Lead Investigator: Itsuki Osawa, Columbia University Irving Medical Center
Title of Proposal Research: Optimized timing of empagliflozin use for cardiorenal protection: a post-hoc analysis of the EMPA-REG OUTCOME, EMPEROR-REDUCED, and EMPEROR-PRESERVED clinical trials
Vivli Data Request: 10121
Funding Source: None
Potential Conflicts of Interest: None
Summary of the Proposed Research:
Heart failure (HF) remains a significant cause of morbidity (illness) and mortality (death) worldwide, affecting approximately 6.2 million adults in the United States alone. In fact, heart failure was listed on 379,800 death certificates in 2018, accounting for 13.4 % of all recorded deaths.
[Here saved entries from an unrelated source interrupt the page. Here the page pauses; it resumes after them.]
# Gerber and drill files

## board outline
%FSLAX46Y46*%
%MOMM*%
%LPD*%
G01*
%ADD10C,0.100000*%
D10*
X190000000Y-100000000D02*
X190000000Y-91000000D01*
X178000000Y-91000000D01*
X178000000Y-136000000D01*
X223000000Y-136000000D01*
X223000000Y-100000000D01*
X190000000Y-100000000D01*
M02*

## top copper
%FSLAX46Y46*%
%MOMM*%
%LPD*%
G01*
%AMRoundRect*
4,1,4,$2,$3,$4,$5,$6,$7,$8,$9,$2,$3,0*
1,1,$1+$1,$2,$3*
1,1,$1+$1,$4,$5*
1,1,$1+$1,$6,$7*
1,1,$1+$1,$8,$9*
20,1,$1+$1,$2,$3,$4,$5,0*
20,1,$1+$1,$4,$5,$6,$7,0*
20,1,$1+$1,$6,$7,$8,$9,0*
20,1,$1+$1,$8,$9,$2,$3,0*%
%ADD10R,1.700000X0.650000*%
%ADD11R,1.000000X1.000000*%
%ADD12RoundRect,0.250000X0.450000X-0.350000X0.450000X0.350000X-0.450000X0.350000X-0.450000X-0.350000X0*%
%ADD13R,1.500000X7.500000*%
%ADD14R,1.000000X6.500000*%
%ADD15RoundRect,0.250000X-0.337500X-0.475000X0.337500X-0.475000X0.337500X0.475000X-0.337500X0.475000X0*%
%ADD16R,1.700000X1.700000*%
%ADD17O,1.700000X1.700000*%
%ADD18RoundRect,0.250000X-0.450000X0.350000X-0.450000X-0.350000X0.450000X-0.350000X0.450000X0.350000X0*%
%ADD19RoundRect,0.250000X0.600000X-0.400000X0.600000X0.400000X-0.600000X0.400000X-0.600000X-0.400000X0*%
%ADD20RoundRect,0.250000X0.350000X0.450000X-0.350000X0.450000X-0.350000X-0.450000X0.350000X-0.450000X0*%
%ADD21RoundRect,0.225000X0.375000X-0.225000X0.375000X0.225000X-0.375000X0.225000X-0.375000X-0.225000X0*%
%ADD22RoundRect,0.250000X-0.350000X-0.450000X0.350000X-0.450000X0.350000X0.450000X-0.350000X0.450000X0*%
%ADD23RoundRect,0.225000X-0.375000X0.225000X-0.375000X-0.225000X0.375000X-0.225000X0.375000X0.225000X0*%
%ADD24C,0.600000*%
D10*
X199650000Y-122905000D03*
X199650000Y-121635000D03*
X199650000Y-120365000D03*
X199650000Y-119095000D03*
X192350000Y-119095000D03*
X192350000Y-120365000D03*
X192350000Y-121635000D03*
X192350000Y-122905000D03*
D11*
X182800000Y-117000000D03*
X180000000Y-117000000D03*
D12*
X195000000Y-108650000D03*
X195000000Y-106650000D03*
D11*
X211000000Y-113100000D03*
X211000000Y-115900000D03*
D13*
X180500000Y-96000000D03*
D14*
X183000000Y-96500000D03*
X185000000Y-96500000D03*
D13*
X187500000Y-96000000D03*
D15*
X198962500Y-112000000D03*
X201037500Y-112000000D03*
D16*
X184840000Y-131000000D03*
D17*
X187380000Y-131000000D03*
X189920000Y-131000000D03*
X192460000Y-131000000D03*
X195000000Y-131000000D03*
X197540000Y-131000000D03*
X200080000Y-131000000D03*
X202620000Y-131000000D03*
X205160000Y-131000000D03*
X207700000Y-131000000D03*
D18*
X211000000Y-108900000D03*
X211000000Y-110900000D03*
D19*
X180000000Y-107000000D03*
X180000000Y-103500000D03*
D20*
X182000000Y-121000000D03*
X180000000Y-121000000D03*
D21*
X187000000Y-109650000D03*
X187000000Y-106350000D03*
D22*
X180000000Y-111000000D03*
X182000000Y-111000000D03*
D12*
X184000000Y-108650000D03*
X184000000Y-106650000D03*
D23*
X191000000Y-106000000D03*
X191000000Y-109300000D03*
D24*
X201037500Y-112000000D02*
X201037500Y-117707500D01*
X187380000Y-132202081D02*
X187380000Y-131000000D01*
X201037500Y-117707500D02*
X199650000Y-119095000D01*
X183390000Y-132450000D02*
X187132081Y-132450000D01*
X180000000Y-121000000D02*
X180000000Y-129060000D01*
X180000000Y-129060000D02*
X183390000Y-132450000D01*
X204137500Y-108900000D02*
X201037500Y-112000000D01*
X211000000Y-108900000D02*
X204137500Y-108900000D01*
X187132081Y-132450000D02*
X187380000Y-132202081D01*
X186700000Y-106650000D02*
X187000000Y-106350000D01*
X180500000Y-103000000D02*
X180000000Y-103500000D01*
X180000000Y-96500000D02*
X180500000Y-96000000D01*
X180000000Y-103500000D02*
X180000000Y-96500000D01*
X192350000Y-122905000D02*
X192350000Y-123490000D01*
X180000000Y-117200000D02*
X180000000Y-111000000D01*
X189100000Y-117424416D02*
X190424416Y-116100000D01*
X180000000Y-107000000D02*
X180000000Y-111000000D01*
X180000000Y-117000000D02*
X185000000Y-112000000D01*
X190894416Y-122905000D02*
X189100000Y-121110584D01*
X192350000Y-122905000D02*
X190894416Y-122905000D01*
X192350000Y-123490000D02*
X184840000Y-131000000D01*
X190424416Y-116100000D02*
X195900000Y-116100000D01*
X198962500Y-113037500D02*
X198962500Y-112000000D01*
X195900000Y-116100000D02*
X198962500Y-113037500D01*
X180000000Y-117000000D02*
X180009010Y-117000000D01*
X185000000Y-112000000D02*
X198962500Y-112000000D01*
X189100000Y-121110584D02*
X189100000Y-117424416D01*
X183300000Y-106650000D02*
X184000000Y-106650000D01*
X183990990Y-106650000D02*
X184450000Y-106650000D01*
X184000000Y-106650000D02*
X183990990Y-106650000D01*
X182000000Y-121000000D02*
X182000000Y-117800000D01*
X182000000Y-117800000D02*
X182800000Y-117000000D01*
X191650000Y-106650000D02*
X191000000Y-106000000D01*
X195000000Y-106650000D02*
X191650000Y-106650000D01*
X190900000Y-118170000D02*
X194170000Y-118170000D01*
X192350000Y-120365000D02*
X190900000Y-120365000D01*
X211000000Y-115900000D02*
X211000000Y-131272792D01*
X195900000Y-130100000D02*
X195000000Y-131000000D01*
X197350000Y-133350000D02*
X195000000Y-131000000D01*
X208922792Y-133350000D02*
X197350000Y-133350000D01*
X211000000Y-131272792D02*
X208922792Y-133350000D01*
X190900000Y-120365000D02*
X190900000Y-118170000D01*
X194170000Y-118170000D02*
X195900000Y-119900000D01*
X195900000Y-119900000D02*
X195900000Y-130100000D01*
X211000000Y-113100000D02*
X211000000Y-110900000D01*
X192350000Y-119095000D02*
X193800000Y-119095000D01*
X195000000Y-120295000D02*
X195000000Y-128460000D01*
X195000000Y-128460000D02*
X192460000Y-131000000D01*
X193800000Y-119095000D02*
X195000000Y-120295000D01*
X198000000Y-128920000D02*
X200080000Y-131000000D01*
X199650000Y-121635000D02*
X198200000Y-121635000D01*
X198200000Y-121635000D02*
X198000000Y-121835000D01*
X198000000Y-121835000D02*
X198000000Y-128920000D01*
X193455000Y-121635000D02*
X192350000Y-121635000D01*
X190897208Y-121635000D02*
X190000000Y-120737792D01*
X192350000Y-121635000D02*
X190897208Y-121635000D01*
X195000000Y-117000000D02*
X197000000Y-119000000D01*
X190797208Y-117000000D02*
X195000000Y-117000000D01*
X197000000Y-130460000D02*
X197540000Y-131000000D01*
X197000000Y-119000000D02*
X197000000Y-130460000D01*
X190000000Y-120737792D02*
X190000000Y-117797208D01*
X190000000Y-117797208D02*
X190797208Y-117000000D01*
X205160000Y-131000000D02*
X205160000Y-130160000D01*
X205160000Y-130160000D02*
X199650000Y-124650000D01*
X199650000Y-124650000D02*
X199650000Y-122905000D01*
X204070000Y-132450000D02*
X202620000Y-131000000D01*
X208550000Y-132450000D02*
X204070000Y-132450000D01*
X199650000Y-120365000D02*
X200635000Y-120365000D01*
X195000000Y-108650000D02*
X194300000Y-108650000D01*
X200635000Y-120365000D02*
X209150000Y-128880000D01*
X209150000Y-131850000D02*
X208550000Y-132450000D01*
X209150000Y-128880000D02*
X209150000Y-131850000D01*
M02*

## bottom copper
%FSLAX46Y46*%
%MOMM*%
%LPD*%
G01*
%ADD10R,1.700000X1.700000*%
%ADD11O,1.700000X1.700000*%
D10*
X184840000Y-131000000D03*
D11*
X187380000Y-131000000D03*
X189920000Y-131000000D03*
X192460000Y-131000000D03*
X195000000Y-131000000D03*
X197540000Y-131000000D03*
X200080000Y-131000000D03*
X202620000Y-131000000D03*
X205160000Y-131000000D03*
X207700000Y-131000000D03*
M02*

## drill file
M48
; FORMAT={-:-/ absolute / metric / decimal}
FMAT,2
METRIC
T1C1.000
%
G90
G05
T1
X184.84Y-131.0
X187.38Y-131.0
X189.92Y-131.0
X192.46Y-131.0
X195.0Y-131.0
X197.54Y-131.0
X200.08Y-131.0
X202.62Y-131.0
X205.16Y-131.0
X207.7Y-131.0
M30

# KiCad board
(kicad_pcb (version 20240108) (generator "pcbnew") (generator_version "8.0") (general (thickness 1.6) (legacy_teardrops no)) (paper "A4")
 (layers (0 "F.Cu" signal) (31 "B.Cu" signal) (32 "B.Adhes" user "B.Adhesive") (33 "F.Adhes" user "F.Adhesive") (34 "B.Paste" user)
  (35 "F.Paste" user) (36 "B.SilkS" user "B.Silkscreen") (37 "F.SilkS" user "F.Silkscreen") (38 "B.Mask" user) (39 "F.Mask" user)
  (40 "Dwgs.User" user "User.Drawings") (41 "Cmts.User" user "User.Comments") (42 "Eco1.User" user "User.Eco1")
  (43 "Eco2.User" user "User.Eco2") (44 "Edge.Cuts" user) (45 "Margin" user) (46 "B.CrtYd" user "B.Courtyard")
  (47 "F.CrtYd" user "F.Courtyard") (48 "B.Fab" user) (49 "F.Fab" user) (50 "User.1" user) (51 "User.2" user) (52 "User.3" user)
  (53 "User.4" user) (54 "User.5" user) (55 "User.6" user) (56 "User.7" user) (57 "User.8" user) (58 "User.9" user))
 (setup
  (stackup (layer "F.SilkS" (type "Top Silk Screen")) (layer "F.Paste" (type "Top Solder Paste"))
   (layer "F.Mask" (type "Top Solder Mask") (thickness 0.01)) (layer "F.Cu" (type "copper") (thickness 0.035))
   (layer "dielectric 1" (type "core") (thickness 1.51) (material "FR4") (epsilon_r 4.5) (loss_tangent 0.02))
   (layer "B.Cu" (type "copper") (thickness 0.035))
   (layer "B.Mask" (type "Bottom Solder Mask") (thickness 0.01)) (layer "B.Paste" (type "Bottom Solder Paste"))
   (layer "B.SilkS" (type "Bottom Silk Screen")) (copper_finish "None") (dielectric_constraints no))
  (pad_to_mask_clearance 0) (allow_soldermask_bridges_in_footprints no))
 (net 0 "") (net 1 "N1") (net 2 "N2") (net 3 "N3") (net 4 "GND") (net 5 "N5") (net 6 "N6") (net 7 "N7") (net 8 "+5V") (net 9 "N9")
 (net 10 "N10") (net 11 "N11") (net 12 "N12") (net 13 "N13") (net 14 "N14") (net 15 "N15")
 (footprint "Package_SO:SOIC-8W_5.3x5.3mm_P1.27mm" (layer "F.Cu") (at 196 121 180)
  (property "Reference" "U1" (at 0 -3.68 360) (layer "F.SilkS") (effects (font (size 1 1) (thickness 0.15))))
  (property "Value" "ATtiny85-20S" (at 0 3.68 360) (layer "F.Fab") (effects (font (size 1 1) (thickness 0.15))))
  (pad "1" smd rect (at -3.65 -1.905 180) (size 1.7 0.65) (layers "F.Cu" "F.Paste" "F.Mask") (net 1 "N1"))
  (pad "2" smd rect (at -3.65 -0.635 180) (size 1.7 0.65) (layers "F.Cu" "F.Paste" "F.Mask") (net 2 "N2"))
  (pad "3" smd rect (at -3.65 0.635 180) (size 1.7 0.65) (layers "F.Cu" "F.Paste" "F.Mask") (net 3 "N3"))
  (pad "4" smd rect (at -3.65 1.905 180) (size 1.7 0.65) (layers "F.Cu" "F.Paste" "F.Mask") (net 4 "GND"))
  (pad "5" smd rect (at 3.65 1.905 180) (size 1.7 0.65) (layers "F.Cu" "F.Paste" "F.Mask") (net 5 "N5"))
  (pad "6" smd rect (at 3.65 0.635 180) (size 1.7 0.65) (layers "F.Cu" "F.Paste" "F.Mask") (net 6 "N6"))
  (pad "7" smd rect (at 3.65 -0.635 180) (size 1.7 0.65) (layers "F.Cu" "F.Paste" "F.Mask") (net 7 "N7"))
  (pad "8" smd rect (at 3.65 -1.905 180) (size 1.7 0.65) (layers "F.Cu" "F.Paste" "F.Mask") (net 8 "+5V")))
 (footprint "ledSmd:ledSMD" (layer "F.Cu") (at 181 117 180)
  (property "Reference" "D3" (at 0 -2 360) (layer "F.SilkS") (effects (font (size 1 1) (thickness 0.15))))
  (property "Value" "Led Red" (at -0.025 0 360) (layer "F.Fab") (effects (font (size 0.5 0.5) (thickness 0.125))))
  (pad "1" smd rect (at -1.8 0 180) (size 1 1) (layers "F.Cu" "F.Paste" "F.Mask") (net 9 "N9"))
  (pad "2" smd rect (at 1 0 180) (size 1 1) (layers "F.Cu" "F.Paste" "F.Mask") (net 8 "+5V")))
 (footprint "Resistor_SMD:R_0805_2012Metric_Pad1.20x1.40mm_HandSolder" (layer "F.Cu") (at 195 107.65 90)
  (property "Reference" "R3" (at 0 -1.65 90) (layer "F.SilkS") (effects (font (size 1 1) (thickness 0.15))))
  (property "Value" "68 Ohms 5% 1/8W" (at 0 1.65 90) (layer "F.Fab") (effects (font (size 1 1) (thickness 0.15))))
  (pad "1" smd roundrect (at -1 0 90) (size 1.2 1.4) (layers "F.Cu" "F.Paste" "F.Mask") (roundrect_rratio 0.208333) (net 3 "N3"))
  (pad "2" smd roundrect (at 1 0 90) (size 1.2 1.4) (layers "F.Cu" "F.Paste" "F.Mask") (roundrect_rratio 0.208333) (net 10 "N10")))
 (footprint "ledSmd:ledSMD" (layer "F.Cu") (at 211 114.9 -90)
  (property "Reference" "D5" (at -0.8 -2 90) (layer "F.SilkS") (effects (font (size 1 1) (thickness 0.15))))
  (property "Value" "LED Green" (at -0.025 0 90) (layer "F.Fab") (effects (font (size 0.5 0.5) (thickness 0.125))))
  (pad "1" smd rect (at -1.8 0 270) (size 1 1) (layers "F.Cu" "F.Paste" "F.Mask") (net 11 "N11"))
  (pad "2" smd rect (at 1 0 270) (size 1 1) (layers "F.Cu" "F.Paste" "F.Mask") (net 6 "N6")))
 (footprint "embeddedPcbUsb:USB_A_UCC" (layer "F.Cu") (at 184 96.2 -90)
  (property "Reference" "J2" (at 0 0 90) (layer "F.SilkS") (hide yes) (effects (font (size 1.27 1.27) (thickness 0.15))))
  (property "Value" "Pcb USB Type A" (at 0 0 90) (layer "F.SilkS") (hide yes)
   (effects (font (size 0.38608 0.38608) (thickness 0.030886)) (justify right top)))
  (pad "1" smd rect (at -0.2 3.5 270) (size 7.5 1.5) (layers "F.Cu" "F.Paste" "F.Mask") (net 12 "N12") (solder_mask_margin 0.1016))
  (pad "2" smd rect (at 0.3 1 270) (size 6.5 1) (layers "F.Cu" "F.Paste" "F.Mask") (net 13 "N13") (solder_mask_margin 0.1016))
  (pad "3" smd rect (at 0.3 -1 270) (size 6.5 1) (layers "F.Cu" "F.Paste" "F.Mask") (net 10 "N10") (solder_mask_margin 0.1016))
  (pad "4" smd rect (at -0.2 -3.5 270) (size 7.5 1.5) (layers "F.Cu" "F.Paste" "F.Mask") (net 4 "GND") (solder_mask_margin 0.1016)))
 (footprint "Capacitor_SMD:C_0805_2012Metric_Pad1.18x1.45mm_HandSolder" (layer "F.Cu") (at 200 112)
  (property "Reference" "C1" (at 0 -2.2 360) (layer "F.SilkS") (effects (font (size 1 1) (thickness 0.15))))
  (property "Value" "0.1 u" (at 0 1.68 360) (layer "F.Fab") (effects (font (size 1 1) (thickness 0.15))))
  (pad "1" smd roundrect (at -1.0375 0) (size 1.175 1.45) (layers "F.Cu" "F.Paste" "F.Mask") (roundrect_rratio 0.212766) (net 8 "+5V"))
  (pad "2" smd roundrect (at 1.0375 0) (size 1.175 1.45) (layers "F.Cu" "F.Paste" "F.Mask") (roundrect_rratio 0.212766) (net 4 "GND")))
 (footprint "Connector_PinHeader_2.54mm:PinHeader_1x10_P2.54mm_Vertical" (layer "F.Cu") (at 184.84 131 90)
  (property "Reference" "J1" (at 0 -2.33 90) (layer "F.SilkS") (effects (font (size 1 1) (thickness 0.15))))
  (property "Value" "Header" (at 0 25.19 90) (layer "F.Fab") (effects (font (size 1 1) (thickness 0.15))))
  (pad "1" thru_hole rect (at 0 0 90) (size 1.7 1.7) (drill 1) (layers "*.Cu" "*.Mask") (remove_unused_layers no) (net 8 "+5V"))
Empagliflozin is a medicine used to treat diabetes – a condition in which blood sugar levels are too high. It works by reducing the amount of glucose (sugar) that is returned to the blood by the kidneys, known as renal glucose reabsorption. The EMPA-REG OUTCOME clinical trial demonstrated the ability of empagliflozin to reduce rates of cardiovascular death and HF as well as to treat diabetes.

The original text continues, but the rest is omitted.